• [AIM OF THE EXERCISE]:
Please report the number of lines in the entries below that contain "justify", with nothing added.

[Excerpts from a dataset]
----

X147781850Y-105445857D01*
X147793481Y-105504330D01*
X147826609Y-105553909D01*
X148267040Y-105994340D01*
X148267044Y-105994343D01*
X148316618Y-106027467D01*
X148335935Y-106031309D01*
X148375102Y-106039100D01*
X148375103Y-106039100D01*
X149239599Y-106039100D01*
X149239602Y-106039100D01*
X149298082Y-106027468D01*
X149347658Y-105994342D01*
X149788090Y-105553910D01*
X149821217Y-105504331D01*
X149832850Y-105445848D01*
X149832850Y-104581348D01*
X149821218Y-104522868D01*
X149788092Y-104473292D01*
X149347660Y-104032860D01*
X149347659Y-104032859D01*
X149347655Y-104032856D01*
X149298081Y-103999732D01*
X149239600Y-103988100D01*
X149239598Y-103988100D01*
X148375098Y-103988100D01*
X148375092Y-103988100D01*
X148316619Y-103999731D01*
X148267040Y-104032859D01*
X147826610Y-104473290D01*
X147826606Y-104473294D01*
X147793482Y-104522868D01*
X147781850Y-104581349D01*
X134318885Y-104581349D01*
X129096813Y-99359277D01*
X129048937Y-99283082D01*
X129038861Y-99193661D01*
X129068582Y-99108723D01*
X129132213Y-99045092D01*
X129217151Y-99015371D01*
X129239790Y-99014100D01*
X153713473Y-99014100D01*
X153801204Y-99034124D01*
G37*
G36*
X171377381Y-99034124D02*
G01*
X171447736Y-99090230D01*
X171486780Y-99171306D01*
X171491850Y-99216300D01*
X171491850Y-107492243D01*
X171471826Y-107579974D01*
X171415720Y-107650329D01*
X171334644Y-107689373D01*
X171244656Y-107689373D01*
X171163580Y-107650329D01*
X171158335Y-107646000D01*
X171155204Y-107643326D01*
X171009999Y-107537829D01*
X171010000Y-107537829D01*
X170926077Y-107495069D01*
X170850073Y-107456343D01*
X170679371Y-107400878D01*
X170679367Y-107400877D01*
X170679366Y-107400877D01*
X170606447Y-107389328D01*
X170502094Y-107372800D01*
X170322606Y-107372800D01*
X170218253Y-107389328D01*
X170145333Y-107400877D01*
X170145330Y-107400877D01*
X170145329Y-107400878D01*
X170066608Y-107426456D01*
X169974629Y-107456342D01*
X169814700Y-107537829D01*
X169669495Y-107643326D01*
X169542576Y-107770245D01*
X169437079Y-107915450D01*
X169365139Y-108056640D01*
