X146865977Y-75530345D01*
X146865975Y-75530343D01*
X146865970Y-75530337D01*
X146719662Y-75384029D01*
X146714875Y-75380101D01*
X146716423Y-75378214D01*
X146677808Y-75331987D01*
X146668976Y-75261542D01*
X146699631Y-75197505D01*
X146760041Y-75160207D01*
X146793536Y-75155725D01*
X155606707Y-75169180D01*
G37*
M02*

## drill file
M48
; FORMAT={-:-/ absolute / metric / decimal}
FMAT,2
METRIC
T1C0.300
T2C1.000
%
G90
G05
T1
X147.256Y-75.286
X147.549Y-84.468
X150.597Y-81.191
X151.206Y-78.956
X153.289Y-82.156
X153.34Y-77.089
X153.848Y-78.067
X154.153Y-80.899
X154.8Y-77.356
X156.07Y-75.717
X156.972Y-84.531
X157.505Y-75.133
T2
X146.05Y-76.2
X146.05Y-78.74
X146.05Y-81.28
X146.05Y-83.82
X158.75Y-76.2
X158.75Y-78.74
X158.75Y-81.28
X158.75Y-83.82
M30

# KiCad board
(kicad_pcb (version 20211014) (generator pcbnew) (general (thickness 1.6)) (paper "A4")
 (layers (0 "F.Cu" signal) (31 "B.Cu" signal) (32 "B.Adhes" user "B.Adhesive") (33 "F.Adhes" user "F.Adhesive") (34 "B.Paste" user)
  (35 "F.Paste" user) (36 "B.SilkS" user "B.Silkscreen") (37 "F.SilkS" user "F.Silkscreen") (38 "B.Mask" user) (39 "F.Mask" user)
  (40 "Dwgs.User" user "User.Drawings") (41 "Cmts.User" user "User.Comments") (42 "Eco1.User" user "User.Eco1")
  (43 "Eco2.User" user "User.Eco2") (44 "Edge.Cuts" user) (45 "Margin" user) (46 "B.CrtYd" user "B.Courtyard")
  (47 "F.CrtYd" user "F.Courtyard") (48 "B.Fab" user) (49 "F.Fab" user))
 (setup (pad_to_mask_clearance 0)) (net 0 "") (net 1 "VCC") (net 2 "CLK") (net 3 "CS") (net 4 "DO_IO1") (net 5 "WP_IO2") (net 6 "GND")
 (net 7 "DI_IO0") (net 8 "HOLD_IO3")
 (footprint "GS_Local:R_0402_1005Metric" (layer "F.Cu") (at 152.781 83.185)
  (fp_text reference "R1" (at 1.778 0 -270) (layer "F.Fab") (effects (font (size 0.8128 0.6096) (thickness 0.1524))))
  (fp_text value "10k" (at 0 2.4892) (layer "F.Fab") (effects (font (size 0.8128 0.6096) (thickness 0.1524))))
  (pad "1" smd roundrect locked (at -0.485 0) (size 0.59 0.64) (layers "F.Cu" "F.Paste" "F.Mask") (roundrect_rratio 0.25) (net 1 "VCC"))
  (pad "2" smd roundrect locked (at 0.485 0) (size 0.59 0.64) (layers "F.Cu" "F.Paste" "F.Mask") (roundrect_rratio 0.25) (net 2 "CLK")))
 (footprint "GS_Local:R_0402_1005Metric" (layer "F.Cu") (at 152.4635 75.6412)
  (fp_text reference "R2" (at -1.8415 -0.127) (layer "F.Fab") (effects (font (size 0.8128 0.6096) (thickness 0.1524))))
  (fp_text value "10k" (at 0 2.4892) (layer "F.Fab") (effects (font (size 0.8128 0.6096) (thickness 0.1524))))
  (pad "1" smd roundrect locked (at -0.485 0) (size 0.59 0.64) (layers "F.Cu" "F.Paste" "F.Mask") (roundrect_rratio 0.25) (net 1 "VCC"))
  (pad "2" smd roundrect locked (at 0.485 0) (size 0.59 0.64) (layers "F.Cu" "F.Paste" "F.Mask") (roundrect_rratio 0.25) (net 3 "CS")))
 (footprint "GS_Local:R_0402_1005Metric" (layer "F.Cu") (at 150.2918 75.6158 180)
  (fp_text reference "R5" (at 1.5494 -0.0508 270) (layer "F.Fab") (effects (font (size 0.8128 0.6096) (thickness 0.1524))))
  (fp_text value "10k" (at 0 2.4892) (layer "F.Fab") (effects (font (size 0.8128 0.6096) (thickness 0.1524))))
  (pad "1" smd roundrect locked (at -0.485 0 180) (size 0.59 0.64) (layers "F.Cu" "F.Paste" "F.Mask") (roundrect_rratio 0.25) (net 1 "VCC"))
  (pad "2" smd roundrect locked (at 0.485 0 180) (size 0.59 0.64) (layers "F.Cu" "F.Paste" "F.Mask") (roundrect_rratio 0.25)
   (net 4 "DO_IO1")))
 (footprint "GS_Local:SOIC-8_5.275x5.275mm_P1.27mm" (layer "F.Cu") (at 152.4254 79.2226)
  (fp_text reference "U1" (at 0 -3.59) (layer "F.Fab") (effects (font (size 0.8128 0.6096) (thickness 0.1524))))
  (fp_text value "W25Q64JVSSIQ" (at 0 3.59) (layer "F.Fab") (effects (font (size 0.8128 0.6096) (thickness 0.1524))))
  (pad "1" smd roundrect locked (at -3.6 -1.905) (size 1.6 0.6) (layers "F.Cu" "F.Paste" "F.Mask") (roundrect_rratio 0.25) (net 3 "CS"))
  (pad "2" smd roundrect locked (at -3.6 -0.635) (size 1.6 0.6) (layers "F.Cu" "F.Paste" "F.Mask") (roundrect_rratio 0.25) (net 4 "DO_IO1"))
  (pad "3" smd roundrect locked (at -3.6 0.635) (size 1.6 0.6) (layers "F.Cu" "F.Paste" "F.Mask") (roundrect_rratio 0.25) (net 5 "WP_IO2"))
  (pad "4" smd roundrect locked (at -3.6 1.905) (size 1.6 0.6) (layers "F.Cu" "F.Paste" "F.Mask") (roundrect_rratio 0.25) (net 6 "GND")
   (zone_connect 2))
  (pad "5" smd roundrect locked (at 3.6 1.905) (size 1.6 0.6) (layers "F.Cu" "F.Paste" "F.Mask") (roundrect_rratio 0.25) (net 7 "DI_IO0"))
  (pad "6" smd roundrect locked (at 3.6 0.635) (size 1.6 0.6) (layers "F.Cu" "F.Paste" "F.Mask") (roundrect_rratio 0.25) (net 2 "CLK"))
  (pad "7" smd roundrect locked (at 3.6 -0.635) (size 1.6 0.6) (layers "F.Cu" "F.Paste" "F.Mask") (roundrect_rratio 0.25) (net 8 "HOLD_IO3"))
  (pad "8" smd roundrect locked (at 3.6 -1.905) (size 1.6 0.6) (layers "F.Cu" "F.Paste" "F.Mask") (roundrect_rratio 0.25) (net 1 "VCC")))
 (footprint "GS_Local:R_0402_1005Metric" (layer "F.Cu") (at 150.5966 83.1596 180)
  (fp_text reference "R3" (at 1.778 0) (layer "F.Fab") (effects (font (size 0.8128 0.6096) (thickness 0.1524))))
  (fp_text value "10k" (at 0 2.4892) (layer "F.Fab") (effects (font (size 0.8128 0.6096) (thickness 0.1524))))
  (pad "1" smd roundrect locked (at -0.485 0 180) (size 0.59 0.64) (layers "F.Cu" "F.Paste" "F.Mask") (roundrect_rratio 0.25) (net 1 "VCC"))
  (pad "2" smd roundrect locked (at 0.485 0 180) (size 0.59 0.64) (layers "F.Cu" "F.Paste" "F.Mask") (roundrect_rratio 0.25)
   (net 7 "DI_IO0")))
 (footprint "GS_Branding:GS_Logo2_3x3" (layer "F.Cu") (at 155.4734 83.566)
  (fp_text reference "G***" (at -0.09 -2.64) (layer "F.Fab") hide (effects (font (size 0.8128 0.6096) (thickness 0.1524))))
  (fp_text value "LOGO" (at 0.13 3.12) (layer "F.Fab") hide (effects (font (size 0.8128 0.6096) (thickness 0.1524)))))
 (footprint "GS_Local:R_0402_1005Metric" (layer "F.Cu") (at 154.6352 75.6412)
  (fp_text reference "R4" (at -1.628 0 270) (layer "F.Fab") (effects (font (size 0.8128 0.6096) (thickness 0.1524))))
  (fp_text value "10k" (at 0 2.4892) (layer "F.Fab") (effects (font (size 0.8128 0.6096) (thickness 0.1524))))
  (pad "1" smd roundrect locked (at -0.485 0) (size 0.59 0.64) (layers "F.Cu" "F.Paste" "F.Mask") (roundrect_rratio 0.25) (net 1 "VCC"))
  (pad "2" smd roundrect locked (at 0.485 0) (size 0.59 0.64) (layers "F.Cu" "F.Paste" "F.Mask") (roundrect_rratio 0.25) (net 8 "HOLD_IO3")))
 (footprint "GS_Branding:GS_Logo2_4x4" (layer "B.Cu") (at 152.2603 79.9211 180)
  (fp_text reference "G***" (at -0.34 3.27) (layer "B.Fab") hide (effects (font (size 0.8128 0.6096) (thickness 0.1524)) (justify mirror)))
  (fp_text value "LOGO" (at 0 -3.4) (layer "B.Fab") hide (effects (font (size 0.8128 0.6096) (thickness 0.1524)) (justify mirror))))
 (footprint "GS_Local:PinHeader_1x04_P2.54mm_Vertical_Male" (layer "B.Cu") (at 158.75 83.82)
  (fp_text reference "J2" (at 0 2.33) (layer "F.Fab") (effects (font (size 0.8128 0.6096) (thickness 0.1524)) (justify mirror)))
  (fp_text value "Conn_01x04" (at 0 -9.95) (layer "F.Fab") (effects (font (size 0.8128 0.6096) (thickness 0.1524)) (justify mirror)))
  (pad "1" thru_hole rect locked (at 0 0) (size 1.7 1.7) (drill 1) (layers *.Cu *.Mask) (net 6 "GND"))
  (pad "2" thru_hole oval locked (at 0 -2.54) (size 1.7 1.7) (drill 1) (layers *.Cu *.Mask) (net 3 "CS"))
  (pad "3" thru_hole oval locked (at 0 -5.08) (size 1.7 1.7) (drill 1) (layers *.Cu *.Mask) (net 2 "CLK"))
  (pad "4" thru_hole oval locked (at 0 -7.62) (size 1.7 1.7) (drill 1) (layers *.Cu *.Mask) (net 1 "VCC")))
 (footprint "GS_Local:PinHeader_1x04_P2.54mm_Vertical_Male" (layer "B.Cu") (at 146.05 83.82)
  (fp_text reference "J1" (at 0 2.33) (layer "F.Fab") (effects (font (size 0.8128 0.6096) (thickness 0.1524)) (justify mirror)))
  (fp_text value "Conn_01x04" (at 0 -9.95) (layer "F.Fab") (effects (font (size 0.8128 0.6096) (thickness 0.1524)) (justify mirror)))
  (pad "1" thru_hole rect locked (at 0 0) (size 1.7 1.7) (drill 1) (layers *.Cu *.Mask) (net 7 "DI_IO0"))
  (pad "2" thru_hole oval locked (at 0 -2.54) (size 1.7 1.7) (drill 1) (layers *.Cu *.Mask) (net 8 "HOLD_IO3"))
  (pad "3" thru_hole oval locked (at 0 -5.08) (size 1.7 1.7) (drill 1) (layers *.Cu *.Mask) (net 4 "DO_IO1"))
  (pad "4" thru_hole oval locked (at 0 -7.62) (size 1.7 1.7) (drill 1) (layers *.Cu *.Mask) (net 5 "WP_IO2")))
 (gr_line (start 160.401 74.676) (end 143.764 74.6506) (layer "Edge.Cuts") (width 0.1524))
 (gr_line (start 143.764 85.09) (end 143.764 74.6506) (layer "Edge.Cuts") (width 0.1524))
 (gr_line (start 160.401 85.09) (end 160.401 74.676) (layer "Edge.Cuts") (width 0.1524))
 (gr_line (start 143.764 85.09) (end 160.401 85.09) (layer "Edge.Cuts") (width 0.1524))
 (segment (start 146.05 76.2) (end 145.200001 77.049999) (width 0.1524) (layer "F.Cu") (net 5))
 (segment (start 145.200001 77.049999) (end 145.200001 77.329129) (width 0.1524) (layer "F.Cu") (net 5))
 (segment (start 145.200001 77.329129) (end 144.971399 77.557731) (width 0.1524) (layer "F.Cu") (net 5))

----

• [EXERCISE RESPONSE]:
6